Critique of EA Perspectives at RAND
Amidst the criticism towards RAND for its connections to EA, some researchers internally dispute the movement's mainstream ideologies. Marek Posard, a RAND military sociologist, noted that philosophical debates surrounding AI, including those initiated by EA and e/acc advocates, distract from immediate AI policy concerns.
He asserted that while diverse perspectives are welcome at RAND, the focus should remain on addressing real-world problems rather than the ideological battles surrounding AI governance.
Addressing Present-day Risks in Cybersecurity
While the fields of AI security and traditional cybersecurity overlap, traditional cybersecurity focuses more on contemporary risks. Dan deBeaubien, who leads AI research at the SANS Institute, acknowledged the influence of the EA movement but emphasized understanding current LLM-related security threats over existential risks.

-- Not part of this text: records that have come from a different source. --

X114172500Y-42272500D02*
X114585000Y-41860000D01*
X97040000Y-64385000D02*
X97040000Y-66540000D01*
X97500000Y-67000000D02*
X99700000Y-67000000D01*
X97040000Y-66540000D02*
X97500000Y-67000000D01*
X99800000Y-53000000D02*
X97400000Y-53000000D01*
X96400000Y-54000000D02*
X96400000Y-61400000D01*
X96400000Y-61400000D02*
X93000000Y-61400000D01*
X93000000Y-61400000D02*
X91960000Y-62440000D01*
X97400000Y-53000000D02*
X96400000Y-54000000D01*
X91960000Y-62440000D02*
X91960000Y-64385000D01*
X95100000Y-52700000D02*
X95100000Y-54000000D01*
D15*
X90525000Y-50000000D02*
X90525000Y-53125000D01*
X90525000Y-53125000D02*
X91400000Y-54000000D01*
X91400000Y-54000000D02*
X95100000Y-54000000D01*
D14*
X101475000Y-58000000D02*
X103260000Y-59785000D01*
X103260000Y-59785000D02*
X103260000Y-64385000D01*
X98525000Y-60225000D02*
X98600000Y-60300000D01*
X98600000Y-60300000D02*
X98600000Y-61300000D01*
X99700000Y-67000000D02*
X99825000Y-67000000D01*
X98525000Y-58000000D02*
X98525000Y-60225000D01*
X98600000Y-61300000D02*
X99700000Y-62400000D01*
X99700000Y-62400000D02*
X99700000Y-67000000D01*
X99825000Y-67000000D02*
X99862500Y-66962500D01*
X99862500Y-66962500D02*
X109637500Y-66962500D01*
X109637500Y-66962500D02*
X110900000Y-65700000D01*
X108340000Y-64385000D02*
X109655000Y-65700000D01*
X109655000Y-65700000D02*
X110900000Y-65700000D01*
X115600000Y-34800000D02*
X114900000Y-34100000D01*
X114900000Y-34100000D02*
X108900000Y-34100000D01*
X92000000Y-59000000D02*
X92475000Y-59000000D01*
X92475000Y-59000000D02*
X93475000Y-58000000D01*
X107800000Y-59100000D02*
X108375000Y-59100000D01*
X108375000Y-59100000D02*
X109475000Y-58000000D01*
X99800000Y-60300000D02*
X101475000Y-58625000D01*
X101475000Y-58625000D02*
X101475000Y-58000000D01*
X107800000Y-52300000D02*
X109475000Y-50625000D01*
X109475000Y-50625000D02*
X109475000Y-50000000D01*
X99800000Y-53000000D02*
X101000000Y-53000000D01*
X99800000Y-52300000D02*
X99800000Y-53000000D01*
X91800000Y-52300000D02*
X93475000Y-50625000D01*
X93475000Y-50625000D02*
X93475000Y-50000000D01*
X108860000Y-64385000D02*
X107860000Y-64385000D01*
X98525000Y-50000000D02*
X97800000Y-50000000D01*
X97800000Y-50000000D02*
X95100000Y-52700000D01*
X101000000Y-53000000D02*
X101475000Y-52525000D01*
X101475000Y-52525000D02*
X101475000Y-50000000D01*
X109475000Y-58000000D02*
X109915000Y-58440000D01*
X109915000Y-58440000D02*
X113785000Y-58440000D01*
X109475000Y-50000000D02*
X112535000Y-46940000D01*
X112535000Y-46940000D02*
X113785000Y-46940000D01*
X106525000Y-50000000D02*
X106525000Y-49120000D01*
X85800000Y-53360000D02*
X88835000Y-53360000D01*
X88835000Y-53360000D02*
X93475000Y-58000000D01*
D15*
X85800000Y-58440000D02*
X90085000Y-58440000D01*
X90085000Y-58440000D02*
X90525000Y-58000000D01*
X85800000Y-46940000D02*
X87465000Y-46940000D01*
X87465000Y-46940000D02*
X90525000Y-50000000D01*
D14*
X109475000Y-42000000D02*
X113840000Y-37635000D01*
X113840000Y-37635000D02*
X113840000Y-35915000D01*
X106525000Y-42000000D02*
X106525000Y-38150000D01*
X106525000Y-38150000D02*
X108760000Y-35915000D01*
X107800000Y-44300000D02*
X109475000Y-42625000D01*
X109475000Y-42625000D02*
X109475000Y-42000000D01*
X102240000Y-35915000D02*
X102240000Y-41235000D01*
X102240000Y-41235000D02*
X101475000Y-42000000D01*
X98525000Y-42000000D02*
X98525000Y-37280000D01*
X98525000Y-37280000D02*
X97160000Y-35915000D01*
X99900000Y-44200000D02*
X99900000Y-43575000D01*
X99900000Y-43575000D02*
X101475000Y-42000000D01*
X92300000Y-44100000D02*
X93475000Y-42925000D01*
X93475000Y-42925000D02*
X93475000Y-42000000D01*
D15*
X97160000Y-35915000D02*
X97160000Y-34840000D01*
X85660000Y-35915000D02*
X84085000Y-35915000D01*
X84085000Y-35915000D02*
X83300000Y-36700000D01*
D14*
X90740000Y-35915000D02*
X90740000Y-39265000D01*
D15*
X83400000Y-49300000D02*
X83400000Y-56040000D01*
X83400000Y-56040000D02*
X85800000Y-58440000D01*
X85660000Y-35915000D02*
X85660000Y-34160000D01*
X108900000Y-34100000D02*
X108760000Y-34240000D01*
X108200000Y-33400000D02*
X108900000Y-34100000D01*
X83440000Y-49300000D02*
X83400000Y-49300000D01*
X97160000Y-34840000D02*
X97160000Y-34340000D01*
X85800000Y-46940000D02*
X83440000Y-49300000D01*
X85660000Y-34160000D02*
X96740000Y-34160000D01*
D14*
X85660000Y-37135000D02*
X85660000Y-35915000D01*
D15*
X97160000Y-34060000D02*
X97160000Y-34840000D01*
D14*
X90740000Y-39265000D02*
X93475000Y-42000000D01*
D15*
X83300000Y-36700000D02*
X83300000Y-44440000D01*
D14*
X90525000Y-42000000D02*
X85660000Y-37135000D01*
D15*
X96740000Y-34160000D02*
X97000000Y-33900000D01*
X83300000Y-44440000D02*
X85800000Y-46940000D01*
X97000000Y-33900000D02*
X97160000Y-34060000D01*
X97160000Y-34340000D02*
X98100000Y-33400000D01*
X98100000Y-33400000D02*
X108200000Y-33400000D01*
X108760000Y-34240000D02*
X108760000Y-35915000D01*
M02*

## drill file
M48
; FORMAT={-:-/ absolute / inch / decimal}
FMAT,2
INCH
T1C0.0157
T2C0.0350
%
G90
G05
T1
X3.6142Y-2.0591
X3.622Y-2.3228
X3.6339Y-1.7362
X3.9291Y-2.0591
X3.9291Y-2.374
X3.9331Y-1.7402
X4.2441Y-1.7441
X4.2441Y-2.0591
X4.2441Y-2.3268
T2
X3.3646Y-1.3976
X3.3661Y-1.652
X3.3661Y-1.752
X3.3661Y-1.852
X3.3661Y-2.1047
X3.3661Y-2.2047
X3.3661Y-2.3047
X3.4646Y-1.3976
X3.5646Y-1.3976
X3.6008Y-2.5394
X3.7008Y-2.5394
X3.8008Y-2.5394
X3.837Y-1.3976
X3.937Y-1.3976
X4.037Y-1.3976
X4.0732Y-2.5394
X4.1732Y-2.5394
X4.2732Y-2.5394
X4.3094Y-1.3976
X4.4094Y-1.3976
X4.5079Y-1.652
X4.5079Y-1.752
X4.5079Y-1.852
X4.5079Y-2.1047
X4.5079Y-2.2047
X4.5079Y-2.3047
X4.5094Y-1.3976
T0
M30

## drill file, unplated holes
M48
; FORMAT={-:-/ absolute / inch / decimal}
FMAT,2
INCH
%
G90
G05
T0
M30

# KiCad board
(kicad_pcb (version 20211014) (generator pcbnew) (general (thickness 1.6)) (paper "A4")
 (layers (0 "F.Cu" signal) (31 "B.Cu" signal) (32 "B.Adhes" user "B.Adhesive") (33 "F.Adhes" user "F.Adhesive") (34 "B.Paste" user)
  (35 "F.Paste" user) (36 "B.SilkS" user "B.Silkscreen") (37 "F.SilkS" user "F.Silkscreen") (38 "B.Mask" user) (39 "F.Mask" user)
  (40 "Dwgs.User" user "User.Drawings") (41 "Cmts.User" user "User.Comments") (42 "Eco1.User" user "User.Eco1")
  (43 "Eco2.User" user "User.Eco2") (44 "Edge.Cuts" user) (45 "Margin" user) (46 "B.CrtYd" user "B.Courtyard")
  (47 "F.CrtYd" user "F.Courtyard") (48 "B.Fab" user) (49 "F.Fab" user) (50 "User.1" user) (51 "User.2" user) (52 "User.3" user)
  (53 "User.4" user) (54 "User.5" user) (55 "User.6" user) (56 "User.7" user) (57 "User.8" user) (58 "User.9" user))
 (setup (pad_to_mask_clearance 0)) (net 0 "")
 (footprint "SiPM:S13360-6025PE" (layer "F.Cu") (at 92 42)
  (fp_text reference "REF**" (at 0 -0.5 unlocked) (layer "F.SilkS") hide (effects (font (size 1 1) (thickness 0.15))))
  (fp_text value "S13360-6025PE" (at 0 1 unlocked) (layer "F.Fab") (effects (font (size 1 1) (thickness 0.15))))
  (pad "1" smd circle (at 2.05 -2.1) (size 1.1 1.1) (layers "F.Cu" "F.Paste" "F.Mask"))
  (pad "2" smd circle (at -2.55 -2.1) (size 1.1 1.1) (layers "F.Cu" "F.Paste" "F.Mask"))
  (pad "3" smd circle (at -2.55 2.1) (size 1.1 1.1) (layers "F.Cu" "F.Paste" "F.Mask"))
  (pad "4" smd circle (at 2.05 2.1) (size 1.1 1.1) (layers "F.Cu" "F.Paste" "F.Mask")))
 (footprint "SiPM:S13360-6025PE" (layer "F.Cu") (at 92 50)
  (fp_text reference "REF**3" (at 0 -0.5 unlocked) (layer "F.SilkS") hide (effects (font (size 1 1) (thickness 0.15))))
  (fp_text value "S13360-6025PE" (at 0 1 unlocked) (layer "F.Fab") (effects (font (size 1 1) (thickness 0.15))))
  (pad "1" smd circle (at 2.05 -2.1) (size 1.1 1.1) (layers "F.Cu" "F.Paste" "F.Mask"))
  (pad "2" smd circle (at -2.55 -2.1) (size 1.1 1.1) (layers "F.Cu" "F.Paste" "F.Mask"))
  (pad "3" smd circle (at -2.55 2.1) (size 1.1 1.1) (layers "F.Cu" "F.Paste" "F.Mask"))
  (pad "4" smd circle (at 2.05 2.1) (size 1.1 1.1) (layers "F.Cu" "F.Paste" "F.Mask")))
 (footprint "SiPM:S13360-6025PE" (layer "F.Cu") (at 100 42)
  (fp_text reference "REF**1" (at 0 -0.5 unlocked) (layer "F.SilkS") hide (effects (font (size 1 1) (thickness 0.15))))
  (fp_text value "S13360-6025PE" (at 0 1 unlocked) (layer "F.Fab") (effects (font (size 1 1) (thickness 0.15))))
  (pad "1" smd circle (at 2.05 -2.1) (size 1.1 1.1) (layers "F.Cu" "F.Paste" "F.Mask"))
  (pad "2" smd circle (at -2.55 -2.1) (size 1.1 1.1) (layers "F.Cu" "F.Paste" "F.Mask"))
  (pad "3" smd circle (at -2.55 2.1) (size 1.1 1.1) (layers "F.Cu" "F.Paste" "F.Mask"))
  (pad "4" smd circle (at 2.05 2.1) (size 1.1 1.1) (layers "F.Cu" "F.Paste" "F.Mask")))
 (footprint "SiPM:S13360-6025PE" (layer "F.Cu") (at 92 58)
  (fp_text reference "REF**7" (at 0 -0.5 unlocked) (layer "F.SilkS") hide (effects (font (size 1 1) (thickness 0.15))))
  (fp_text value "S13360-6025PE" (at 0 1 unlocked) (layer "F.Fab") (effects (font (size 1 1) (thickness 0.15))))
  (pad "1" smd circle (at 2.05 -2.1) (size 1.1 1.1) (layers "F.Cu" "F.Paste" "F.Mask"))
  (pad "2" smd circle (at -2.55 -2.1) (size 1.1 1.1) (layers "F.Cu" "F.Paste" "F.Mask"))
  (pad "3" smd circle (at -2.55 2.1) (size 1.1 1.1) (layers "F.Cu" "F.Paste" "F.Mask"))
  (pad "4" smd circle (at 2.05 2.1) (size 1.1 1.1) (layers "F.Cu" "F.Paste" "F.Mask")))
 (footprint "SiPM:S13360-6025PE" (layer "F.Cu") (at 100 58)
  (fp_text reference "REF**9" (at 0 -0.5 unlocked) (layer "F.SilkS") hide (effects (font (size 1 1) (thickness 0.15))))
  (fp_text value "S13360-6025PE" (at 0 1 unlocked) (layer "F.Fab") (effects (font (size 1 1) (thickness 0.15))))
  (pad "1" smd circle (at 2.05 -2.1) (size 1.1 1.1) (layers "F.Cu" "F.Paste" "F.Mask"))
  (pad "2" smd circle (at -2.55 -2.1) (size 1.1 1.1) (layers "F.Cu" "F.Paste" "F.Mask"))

Coexisting with EA Discourses in D.C.
Some policymakers recognize EA's influence on AI security but prefer to coexist rather than confront its tenets directly. Mark Beall, former head of AI policy at the U.S. Department of Defense, stressed the importance of established safeguards rather than the reckless speed encouraged in tech culture.
Highlighting his work at the Pentagon on responsible AI policy, Beall countered claims that D.C. officials lack awareness of AI risks, asserting they have prioritized safety long before effective altruists entered the policy arena.
The Challenge of ‘Ungoverned AI’
Ian Bremmer, president of Eurasia Group, recently listed “ungoverned AI” among the top geopolitical risks for 2024, pinpointing tangible threats such as election disinformation. He acknowledged a valuable debate regarding model weight security but criticized the EA movement for minimizing other risks by focusing exclusively on catastrophic outcomes.
In conclusion, Bremmer pointed out that framing risks as existential could overshadow pressing issues, undermining the comprehensive discourse needed for effective AI governance.